Synthetic data generation has become a standard approach for creating safe, realistic datasets for testing, analytics, and AI development. It reproduces patterns and relationships from production data without exposing sensitive information, enabling teams to innovate while staying compliant.
Two commonly evaluated platforms in this space are K2view and Gretel. Both aim to reduce reliance on production data, but they differ significantly in architecture, scope, and how synthetic data is generated and operationalised.
Gretel vs K2view
Any comparison around Gretel vs K2view comes down to scope and architecture. Gretel is a developer-focused platform built around model-driven synthetic data generation, typically accessed via APIs and machine learning workflows.
K2view takes a broader enterprise approach. It delivers a full-lifecycle synthetic data platform that integrates data discovery, masking, subsetting, generation, and orchestration into a single solution. Rather than treating synthetic data as a standalone task, it embeds it within end-to-end data operations across multiple systems and domains.
Gretel is often best suited to controlled, single-domain datasets.
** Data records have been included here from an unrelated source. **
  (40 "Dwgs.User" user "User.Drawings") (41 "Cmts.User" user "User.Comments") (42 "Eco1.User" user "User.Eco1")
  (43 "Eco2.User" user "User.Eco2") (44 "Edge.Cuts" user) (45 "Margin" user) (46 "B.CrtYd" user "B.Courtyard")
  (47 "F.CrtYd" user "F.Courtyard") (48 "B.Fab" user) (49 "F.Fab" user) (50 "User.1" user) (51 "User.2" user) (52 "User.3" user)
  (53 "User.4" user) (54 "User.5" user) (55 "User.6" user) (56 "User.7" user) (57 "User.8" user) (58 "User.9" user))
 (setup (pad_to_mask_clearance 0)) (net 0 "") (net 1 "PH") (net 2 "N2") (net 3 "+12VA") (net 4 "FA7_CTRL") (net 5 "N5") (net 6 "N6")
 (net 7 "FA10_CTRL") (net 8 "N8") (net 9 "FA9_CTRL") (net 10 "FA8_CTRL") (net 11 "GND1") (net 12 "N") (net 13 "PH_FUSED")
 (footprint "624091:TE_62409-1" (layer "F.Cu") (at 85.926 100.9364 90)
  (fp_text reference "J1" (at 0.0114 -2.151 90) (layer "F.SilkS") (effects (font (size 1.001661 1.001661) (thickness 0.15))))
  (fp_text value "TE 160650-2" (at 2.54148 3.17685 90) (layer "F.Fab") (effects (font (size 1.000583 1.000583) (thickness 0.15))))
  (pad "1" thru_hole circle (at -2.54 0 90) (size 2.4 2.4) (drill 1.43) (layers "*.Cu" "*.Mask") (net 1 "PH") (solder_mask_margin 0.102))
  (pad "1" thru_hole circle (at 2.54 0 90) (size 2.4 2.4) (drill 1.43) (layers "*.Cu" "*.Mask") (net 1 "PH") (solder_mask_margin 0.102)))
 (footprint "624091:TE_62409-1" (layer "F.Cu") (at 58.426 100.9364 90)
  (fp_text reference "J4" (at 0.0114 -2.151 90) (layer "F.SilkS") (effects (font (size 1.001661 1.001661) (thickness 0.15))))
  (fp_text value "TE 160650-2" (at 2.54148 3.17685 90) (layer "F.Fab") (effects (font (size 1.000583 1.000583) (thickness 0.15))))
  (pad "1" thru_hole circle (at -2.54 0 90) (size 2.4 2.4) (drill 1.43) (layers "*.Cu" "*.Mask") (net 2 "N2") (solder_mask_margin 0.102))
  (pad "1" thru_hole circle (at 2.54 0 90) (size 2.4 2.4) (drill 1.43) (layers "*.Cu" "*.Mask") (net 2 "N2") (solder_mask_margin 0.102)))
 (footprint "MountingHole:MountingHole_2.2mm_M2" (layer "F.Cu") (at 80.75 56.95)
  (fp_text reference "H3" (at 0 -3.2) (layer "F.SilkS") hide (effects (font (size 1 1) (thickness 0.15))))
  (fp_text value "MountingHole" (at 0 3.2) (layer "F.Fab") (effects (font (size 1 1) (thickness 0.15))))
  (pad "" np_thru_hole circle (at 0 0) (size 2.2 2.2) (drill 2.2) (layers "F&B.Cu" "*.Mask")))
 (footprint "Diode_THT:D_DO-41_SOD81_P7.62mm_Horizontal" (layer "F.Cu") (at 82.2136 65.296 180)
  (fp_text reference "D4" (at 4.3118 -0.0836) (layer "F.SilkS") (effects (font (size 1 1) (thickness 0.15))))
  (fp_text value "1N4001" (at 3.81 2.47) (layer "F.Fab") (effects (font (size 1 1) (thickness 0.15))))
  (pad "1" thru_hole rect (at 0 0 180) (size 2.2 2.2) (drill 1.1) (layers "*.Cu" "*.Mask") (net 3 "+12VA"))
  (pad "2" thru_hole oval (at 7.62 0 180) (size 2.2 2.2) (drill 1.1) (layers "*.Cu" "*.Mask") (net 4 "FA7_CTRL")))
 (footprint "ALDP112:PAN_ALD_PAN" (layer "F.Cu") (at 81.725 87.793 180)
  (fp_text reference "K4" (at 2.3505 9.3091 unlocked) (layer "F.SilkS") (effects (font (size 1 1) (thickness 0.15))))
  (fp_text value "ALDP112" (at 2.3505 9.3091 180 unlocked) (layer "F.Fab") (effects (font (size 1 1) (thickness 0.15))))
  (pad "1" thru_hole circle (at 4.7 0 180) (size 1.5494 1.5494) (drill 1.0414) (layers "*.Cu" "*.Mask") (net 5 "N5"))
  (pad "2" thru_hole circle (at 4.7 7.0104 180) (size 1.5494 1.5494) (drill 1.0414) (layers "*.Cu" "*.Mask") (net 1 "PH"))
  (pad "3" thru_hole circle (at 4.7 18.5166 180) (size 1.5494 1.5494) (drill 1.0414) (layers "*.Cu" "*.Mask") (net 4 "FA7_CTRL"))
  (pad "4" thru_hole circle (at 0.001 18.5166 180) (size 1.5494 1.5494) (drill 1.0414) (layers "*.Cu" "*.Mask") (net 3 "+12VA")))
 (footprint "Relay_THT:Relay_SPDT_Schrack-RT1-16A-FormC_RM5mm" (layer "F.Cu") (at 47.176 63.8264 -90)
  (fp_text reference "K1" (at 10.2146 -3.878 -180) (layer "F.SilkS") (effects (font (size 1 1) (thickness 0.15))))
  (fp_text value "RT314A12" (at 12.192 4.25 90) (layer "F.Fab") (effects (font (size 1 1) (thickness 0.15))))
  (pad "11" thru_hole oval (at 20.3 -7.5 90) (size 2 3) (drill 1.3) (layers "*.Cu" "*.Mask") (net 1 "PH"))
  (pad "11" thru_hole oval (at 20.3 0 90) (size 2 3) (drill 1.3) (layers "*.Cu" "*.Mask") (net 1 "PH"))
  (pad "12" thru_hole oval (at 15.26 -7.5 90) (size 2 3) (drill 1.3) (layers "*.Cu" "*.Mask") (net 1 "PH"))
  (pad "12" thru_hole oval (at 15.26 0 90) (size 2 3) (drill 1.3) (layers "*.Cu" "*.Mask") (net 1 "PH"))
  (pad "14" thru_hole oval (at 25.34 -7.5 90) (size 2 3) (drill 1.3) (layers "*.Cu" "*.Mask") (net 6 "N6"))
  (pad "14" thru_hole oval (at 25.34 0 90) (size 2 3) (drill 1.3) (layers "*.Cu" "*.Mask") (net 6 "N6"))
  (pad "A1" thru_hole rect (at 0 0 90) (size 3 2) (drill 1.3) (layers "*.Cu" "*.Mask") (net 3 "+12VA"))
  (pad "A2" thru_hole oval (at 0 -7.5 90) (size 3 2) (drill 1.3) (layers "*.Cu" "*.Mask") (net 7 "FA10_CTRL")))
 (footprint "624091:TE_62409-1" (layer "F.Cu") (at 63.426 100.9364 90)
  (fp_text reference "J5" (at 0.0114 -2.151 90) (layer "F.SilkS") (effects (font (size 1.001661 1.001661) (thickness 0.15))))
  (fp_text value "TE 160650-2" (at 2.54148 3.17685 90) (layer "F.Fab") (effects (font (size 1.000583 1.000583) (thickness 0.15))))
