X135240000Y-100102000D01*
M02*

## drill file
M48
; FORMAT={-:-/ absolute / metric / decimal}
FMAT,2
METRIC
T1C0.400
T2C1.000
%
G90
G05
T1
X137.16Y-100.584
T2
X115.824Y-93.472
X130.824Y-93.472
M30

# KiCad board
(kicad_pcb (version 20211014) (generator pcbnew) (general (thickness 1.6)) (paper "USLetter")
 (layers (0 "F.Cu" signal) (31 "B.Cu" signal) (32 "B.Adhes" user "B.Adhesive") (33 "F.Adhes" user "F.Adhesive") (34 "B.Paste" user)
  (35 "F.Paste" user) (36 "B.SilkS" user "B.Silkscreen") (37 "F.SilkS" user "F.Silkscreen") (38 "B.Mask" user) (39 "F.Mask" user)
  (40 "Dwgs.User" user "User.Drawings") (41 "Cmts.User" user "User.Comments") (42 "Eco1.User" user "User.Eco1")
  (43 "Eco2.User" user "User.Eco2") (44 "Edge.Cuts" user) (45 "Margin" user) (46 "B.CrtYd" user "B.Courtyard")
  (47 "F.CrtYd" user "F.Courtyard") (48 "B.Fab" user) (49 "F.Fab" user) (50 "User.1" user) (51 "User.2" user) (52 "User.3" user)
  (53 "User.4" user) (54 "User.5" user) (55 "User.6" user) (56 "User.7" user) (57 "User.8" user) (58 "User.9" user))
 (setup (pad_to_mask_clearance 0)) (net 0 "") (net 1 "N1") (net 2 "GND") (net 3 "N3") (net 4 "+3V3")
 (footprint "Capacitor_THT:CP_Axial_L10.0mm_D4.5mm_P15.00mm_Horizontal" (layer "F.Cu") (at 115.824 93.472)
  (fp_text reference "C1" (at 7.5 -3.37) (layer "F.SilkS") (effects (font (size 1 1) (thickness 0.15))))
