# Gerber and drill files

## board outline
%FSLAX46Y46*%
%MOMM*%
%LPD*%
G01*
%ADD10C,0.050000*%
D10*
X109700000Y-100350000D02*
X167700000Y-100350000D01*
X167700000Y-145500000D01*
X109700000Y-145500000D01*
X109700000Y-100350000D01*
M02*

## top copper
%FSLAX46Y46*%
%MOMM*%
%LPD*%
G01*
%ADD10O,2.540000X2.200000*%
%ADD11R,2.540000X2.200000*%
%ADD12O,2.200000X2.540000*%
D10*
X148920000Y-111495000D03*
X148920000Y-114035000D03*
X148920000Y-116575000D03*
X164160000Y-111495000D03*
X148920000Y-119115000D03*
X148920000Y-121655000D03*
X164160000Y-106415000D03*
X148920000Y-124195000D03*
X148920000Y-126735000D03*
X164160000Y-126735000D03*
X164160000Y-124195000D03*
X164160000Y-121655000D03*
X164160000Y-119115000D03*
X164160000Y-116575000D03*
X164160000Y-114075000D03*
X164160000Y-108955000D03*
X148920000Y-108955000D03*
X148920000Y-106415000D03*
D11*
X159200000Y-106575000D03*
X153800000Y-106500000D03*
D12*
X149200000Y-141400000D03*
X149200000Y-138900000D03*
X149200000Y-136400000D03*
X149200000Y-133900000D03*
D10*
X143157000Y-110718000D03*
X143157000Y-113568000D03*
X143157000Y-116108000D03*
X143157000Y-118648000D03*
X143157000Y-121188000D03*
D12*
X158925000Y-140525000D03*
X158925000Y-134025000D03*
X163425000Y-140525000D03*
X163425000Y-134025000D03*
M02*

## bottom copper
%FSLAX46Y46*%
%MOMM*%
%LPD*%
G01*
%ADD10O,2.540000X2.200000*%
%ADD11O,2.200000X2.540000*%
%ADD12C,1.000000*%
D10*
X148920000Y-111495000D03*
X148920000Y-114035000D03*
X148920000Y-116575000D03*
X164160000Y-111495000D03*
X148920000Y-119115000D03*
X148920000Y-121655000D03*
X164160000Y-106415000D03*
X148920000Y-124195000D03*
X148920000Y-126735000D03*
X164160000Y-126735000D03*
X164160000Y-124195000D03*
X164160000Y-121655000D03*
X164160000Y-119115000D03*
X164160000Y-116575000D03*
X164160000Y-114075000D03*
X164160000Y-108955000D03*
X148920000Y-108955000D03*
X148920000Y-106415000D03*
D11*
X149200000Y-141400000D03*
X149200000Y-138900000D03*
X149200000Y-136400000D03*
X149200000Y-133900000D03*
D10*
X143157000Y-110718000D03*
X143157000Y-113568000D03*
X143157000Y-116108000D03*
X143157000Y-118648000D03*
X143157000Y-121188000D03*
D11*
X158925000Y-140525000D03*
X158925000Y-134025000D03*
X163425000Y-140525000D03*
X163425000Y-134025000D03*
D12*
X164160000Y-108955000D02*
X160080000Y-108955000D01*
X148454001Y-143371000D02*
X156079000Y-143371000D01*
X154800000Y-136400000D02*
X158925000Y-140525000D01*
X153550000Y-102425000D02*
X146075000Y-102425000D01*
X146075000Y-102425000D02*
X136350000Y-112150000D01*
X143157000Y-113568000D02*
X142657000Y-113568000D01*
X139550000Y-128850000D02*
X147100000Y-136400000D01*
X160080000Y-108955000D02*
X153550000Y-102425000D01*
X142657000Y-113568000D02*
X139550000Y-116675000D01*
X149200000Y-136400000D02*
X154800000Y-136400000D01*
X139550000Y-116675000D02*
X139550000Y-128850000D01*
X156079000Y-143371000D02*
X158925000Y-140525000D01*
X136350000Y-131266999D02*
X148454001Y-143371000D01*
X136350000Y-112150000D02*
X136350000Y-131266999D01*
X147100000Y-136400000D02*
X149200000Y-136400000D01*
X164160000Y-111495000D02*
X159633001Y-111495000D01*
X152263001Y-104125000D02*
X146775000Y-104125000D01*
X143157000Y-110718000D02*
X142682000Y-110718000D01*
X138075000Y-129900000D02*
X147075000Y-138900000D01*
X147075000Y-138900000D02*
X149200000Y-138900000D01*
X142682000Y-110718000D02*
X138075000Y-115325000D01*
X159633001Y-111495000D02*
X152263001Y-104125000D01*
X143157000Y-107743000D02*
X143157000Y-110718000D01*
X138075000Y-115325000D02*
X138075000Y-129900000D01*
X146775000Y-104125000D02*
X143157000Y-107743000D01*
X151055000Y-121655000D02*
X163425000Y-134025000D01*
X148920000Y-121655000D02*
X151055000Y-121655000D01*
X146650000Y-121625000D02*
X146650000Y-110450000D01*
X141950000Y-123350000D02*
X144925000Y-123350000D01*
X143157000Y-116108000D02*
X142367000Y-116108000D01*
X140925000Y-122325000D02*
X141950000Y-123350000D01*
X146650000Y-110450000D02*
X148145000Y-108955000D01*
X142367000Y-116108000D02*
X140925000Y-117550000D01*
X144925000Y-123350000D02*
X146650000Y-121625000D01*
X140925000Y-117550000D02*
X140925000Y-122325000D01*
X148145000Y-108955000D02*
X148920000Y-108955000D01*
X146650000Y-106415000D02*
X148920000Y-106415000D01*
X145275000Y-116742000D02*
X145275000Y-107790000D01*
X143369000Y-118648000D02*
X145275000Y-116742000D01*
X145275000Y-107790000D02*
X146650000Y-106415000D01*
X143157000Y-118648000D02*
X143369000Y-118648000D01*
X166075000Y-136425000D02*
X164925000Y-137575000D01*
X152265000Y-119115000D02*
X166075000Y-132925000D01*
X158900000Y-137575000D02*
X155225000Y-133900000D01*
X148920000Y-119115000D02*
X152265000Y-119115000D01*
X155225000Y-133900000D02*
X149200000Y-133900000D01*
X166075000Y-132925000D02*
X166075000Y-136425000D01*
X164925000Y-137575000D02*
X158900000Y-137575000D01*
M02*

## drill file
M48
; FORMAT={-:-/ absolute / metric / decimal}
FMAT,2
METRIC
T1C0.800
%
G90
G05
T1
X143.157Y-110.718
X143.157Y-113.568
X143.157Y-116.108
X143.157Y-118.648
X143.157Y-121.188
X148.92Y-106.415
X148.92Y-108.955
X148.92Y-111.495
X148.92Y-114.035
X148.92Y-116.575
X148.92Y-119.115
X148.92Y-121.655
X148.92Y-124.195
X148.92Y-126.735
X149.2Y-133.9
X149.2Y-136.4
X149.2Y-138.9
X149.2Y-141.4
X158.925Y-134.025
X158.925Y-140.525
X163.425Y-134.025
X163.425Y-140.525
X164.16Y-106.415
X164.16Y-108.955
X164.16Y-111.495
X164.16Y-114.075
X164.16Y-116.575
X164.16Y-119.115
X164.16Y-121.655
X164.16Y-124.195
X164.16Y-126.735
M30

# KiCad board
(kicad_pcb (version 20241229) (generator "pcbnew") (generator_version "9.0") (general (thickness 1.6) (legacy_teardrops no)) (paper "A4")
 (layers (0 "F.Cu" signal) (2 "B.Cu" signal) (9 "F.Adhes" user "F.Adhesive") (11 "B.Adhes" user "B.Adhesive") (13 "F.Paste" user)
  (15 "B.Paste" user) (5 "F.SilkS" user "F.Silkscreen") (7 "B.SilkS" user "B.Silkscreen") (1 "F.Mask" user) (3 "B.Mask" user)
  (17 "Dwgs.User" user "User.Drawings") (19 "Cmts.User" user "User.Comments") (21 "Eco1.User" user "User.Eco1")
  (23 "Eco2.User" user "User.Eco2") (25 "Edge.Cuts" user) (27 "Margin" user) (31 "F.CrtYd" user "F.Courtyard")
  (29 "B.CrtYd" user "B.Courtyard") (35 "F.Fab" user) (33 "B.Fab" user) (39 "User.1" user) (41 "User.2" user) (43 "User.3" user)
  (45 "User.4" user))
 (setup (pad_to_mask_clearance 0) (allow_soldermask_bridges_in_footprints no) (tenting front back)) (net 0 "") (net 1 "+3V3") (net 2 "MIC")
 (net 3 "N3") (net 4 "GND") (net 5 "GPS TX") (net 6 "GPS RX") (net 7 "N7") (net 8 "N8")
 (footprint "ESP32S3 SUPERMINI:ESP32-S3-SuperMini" (layer "F.Cu") (at 156.54 116.575)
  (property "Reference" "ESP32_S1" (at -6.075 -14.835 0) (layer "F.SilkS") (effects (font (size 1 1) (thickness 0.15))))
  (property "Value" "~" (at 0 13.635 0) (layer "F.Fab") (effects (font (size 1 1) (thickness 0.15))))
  (pad "1" thru_hole oval (at -7.62 -5.08) (size 2.54 2.2) (drill 0.8) (layers "*.Cu" "*.Mask") (remove_unused_layers no)
   (thermal_bridge_angle 45))
  (pad "2" thru_hole oval (at -7.62 -2.54) (size 2.54 2.2) (drill 0.8) (layers "*.Cu" "*.Mask") (remove_unused_layers no)
   (thermal_bridge_angle 45))
  (pad "3" thru_hole oval (at -7.62 0) (size 2.54 2.2) (drill 0.8) (layers "*.Cu" "*.Mask") (remove_unused_layers no)
   (thermal_bridge_angle 45))
  (pad "3V3" thru_hole oval (at 7.62 -5.08) (size 2.54 2.2) (drill 0.8) (layers "*.Cu" "*.Mask") (remove_unused_layers no) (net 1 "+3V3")
   (thermal_bridge_angle 45))
  (pad "4" thru_hole oval (at -7.62 2.54) (size 2.54 2.2) (drill 0.8) (layers "*.Cu" "*.Mask") (remove_unused_layers no) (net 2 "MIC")
   (thermal_bridge_angle 45))
  (pad "5" thru_hole oval (at -7.62 5.08) (size 2.54 2.2) (drill 0.8) (layers "*.Cu" "*.Mask") (remove_unused_layers no) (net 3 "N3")
   (thermal_bridge_angle 45))
  (pad "5V" thru_hole oval (at 7.62 -10.16) (size 2.54 2.2) (drill 0.8) (layers "*.Cu" "*.Mask") (remove_unused_layers no)
   (thermal_bridge_angle 45))
  (pad "6" thru_hole oval (at -7.62 7.62) (size 2.54 2.2) (drill 0.8) (layers "*.Cu" "*.Mask") (remove_unused_layers no)
   (thermal_bridge_angle 45))
  (pad "7" thru_hole oval (at -7.62 10.16) (size 2.54 2.2) (drill 0.8) (layers "*.Cu" "*.Mask") (remove_unused_layers no)
   (thermal_bridge_angle 45))
  (pad "8" thru_hole oval (at 7.62 10.16) (size 2.54 2.2) (drill 0.8) (layers "*.Cu" "*.Mask") (remove_unused_layers no)
   (thermal_bridge_angle 45))
  (pad "9" thru_hole oval (at 7.62 7.62) (size 2.54 2.2) (drill 0.8) (layers "*.Cu" "*.Mask") (remove_unused_layers no)
   (thermal_bridge_angle 45))
  (pad "10" thru_hole oval (at 7.62 5.08) (size 2.54 2.2) (drill 0.8) (layers "*.Cu" "*.Mask") (remove_unused_layers no)
   (thermal_bridge_angle 45))
  (pad "11" thru_hole oval (at 7.62 2.54) (size 2.54 2.2) (drill 0.8) (layers "*.Cu" "*.Mask") (remove_unused_layers no)
   (thermal_bridge_angle 45))
  (pad "12" thru_hole oval (at 7.62 0) (size 2.54 2.2) (drill 0.8) (layers "*.Cu" "*.Mask") (remove_unused_layers no)
   (thermal_bridge_angle 45))
  (pad "13" thru_hole oval (at 7.62 -2.5) (size 2.54 2.2) (drill 0.8) (layers "*.Cu" "*.Mask") (remove_unused_layers no)
   (thermal_bridge_angle 45))
  (pad "GND" thru_hole oval (at 7.62 -7.62) (size 2.54 2.2) (drill 0.8) (layers "*.Cu" "*.Mask") (remove_unused_layers no) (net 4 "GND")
K2view is designed for environments where data spans multiple systems – such as CRM, billing, and operational platforms – and where relationships between records must remain intact.
The architecture of each
Gretel relies on AI and ML models to generate synthetic datasets from source data. Its API-first design gives flexibility, but also places responsibility on users to define workflows, manage preprocessing, and integrate outputs into downstream systems. As data complexity increases, so does the engineering effort required.
K2view uses an entity-based architecture. Instead of generating isolated tables, it organises data around business entities such as customers, orders, or accounts. This ensures that relationships, hierarchies, and keys are preserved across systems during generation. As a result, synthetic datasets remain consistent and usable without requiring manual stitching or post-processing.
Focus and workflows
Gretel primarily focuses on synthetic data generation and quality evaluation. In most cases, teams need to build additional capabilities around it – such as masking, subsetting, and data delivery – to support full workflows.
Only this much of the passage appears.